## Task to complete
Give again only those lines from the start of the entries through the line holding "X90659344Y-35159344D02*", leaving them as they are.

## Records

-*-

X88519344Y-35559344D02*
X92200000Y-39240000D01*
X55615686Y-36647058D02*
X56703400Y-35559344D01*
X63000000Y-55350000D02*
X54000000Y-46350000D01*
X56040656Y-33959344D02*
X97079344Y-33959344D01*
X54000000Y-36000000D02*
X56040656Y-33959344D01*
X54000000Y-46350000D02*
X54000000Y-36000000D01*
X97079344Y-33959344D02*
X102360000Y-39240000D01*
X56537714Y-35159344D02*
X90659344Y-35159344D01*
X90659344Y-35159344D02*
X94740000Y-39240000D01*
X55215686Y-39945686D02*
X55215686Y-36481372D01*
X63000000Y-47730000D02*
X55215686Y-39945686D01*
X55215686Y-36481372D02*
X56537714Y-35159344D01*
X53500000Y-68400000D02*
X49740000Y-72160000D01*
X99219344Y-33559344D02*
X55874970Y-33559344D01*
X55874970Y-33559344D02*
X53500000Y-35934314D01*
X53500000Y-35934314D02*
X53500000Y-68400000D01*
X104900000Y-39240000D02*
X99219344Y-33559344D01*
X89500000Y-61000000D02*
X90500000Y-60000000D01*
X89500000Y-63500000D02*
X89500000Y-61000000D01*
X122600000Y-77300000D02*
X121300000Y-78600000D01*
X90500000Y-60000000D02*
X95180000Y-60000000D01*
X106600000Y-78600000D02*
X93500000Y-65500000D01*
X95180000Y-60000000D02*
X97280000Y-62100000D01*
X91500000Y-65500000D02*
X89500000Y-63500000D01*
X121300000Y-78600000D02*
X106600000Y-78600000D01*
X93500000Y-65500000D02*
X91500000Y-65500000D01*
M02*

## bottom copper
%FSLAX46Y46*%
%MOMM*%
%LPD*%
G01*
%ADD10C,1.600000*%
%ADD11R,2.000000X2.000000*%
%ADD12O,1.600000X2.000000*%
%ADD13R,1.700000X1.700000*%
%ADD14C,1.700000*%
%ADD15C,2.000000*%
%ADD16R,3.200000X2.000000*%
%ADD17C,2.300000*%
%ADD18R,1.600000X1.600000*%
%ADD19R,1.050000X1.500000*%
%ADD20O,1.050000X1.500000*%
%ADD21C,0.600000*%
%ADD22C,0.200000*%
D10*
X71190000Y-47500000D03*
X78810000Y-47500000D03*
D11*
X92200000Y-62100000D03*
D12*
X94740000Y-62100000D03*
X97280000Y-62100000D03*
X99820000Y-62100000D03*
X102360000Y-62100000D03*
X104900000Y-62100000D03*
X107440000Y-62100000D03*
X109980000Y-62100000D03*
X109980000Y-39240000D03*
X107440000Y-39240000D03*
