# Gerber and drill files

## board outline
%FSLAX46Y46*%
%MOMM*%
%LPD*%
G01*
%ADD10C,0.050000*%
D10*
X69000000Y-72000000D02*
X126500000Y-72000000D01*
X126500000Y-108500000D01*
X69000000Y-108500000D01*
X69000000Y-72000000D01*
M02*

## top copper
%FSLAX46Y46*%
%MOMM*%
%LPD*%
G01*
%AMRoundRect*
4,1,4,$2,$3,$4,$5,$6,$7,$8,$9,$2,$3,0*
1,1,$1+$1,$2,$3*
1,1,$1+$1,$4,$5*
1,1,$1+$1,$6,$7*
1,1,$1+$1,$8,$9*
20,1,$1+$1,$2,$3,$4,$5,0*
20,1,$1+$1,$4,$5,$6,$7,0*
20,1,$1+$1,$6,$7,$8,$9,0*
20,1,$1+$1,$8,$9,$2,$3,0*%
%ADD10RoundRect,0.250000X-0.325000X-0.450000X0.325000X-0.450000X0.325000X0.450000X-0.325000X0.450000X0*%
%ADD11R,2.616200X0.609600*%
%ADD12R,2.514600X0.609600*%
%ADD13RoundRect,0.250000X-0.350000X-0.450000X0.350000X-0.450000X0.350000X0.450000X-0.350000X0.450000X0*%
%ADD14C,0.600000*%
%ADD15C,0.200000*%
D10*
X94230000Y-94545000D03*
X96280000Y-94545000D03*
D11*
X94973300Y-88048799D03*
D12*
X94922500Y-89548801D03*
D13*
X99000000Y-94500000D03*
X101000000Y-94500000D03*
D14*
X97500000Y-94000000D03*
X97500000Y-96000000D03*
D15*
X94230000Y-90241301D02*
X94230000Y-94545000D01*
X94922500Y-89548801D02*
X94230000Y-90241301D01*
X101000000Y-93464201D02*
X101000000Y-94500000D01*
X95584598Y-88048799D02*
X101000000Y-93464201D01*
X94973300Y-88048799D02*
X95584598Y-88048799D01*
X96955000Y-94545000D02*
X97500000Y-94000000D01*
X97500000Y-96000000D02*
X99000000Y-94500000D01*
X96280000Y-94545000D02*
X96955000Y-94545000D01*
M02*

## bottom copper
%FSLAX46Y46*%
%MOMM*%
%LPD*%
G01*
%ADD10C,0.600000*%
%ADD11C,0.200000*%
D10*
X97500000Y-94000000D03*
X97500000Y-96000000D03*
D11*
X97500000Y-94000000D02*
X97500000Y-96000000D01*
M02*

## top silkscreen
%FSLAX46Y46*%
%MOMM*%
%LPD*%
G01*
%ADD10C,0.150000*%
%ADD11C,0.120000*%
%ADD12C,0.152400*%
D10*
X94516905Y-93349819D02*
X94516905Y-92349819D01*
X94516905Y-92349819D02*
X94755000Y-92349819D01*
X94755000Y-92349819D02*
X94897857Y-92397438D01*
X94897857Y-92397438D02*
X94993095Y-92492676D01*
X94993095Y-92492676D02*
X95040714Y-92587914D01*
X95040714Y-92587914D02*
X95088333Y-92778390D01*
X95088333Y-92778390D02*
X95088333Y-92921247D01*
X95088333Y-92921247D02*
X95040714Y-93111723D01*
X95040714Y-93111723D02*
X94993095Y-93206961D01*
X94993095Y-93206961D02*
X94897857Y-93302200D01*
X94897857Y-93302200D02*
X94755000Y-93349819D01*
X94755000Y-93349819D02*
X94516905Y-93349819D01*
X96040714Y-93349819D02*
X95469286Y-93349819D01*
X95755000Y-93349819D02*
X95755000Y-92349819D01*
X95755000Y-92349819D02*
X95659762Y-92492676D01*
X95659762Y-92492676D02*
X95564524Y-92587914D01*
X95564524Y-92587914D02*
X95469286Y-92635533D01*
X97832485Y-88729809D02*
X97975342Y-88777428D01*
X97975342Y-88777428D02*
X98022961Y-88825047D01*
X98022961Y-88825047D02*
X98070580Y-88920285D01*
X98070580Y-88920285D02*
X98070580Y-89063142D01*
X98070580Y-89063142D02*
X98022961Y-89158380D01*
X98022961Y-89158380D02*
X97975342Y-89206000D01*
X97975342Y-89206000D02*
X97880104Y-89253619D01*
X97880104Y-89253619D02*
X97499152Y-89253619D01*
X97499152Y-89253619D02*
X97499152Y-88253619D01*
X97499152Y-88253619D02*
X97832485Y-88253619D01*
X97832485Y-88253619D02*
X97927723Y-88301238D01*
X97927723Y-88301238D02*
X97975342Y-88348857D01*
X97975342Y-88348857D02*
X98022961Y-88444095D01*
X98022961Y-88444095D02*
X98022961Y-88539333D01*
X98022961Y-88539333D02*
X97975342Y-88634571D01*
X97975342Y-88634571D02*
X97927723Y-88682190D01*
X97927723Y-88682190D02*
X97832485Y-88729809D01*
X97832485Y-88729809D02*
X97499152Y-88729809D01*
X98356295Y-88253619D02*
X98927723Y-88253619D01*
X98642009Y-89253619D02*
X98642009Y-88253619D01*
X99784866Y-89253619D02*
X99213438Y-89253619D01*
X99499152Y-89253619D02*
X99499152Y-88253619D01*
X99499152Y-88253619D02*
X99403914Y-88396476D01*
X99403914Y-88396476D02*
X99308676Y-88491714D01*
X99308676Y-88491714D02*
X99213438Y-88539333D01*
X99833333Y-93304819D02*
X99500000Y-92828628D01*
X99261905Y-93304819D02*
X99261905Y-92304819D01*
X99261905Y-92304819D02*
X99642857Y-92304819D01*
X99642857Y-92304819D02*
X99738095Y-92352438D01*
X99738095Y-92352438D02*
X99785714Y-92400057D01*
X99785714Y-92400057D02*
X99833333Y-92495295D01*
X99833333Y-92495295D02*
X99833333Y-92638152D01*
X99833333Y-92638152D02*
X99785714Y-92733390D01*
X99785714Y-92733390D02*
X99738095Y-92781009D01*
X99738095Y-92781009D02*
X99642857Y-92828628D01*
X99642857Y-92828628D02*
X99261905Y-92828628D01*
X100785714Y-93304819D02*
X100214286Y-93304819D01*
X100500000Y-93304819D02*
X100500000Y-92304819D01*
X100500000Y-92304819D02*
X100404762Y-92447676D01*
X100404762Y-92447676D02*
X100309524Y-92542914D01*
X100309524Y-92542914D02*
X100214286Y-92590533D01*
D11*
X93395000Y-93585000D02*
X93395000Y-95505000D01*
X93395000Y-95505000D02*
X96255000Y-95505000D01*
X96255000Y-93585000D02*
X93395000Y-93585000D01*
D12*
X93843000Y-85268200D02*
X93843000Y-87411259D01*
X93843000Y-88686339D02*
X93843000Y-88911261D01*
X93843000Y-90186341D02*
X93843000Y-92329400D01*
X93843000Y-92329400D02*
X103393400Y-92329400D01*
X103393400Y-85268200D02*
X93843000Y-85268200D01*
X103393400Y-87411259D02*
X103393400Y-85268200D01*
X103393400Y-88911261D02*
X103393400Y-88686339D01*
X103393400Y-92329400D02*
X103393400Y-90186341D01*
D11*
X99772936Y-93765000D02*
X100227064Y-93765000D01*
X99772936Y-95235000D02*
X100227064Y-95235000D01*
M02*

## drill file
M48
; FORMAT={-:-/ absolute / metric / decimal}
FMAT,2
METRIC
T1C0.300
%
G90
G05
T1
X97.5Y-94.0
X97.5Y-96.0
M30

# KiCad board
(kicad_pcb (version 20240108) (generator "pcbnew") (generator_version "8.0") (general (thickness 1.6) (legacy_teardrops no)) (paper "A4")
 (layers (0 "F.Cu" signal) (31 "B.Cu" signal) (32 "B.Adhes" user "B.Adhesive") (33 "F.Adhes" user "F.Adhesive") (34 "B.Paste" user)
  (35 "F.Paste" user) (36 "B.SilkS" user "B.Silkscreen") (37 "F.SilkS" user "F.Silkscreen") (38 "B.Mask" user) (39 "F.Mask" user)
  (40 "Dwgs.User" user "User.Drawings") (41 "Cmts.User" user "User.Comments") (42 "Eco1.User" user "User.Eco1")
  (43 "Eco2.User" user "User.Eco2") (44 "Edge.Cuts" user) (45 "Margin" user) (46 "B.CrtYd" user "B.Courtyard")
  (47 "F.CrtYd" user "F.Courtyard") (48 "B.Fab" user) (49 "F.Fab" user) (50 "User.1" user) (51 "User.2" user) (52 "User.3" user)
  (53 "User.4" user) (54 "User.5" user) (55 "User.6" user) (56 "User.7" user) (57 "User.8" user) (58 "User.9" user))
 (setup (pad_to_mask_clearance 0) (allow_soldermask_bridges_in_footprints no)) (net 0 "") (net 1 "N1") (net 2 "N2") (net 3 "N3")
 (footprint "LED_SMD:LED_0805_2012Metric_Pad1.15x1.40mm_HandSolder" (layer "F.Cu") (at 95.255 94.545)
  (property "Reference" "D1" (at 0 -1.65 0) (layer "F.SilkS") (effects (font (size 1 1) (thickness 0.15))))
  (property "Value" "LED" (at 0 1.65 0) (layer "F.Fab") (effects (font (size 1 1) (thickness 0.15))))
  (fp_line (start -1.86 -0.96) (end -1.86 0.96) (stroke (width 0.12) (type solid)) (layer "F.SilkS"))
  (fp_line (start -1.86 0.96) (end 1 0.96) (stroke (width 0.12) (type solid)) (layer "F.SilkS"))
  (fp_line (start 1 -0.96) (end -1.86 -0.96) (stroke (width 0.12) (type solid)) (layer "F.SilkS"))
  (pad "1" smd roundrect (at -1.025 0) (size 1.15 1.4) (layers "F.Cu" "F.Paste" "F.Mask") (roundrect_rratio 0.217391) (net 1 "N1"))
  (pad "2" smd roundrect (at 1.025 0) (size 1.15 1.4) (layers "F.Cu" "F.Paste" "F.Mask") (roundrect_rratio 0.217391) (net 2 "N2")))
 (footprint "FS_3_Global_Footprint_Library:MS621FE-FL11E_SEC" (layer "F.Cu") (at 98.6182 88.7988)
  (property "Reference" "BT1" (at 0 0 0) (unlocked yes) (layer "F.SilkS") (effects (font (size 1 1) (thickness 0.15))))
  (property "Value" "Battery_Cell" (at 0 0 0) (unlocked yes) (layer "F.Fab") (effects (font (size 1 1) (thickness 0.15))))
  (fp_line (start -4.7752 -3.5306) (end -4.7752 -1.387541) (stroke (width 0.1524) (type solid)) (layer "F.SilkS"))
  (fp_line (start -4.7752 -0.112461) (end -4.7752 0.112461) (stroke (width 0.1524) (type solid)) (layer "F.SilkS"))
  (fp_line (start -4.7752 1.387541) (end -4.7752 3.5306) (stroke (width 0.1524) (type solid)) (layer "F.SilkS"))
  (fp_line (start -4.7752 3.5306) (end 4.7752 3.5306) (stroke (width 0.1524) (type solid)) (layer "F.SilkS"))
  (fp_line (start 4.7752 -3.5306) (end -4.7752 -3.5306) (stroke (width 0.1524) (type solid)) (layer "F.SilkS"))
  (fp_line (start 4.7752 -1.387541) (end 4.7752 -3.5306) (stroke (width 0.1524) (type solid)) (layer "F.SilkS"))
  (fp_line (start 4.7752 0.112461) (end 4.7752 -0.112461) (stroke (width 0.1524) (type solid)) (layer "F.SilkS"))
  (fp_line (start 4.7752 3.5306) (end 4.7752 1.387541) (stroke (width 0.1524) (type solid)) (layer "F.SilkS"))
  (pad "1" smd rect (at -3.6449 -0.750001) (size 2.6162 0.6096) (layers "F.Cu" "F.Paste" "F.Mask") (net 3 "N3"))
  (pad "2" smd rect (at -3.6957 0.750001) (size 2.5146 0.6096) (layers "F.Cu" "F.Paste" "F.Mask") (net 1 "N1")))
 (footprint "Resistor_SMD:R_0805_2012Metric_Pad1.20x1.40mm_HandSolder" (layer "F.Cu") (at 100 94.5)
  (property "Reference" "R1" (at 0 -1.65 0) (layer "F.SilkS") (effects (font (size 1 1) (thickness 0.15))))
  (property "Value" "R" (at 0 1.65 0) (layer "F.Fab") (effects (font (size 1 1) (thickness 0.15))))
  (fp_line (start -0.227064 -0.735) (end 0.227064 -0.735) (stroke (width 0.12) (type solid)) (layer "F.SilkS"))
  (fp_line (start -0.227064 0.735) (end 0.227064 0.735) (stroke (width 0.12) (type solid)) (layer "F.SilkS"))
  (pad "1" smd roundrect (at -1 0) (size 1.2 1.4) (layers "F.Cu" "F.Paste" "F.Mask") (roundrect_rratio 0.208333) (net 2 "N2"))
  (pad "2" smd roundrect (at 1 0) (size 1.2 1.4) (layers "F.Cu" "F.Paste" "F.Mask") (roundrect_rratio 0.208333) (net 3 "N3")))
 (gr_rect (start 69 72) (end 126.5 108.5) (stroke (width 0.05) (type default)) (fill none) (layer "Edge.Cuts"))
 (segment (start 94.23 90.241301) (end 94.23 94.545) (width 0.2) (layer "F.Cu") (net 1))
 (segment (start 94.9225 89.548801) (end 94.23 90.241301) (width 0.2) (layer "F.Cu") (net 1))
 (segment (start 101 93.464201) (end 101 94.5) (width 0.2) (layer "F.Cu") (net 3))
 (segment (start 95.584598 88.048799) (end 101 93.464201) (width 0.2) (layer "F.Cu") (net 3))
 (segment (start 94.9733 88.048799) (end 95.584598 88.048799) (width 0.2) (layer "F.Cu") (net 3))
 (segment (start 96.955 94.545) (end 97.5 94) (width 0.2) (layer "F.Cu") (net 2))
 (segment (start 97.5 96) (end 99 94.5) (width 0.2) (layer "F.Cu") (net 2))
 (segment (start 96.28 94.545) (end 96.955 94.545) (width 0.2) (layer "F.Cu") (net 2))
 (via (at 97.5 94) (size 0.6) (drill 0.3) (layers "F.Cu" "B.Cu") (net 2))
 (via (at 97.5 96) (size 0.6) (drill 0.3) (layers "F.Cu" "B.Cu") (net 2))
 (segment (start 97.5 94) (end 97.5 96) (width 0.2) (layer "B.Cu") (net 2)))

-*-

## Written response
X88519344Y-35559344D02*
X92200000Y-39240000D01*
X55615686Y-36647058D02*
X56703400Y-35559344D01*
X63000000Y-55350000D02*
X54000000Y-46350000D01*
X56040656Y-33959344D02*
X97079344Y-33959344D01*
X54000000Y-36000000D02*
X56040656Y-33959344D01*
X54000000Y-46350000D02*
X54000000Y-36000000D01*
X97079344Y-33959344D02*
X102360000Y-39240000D01*
X56537714Y-35159344D02*
X90659344Y-35159344D01*
X90659344Y-35159344D02*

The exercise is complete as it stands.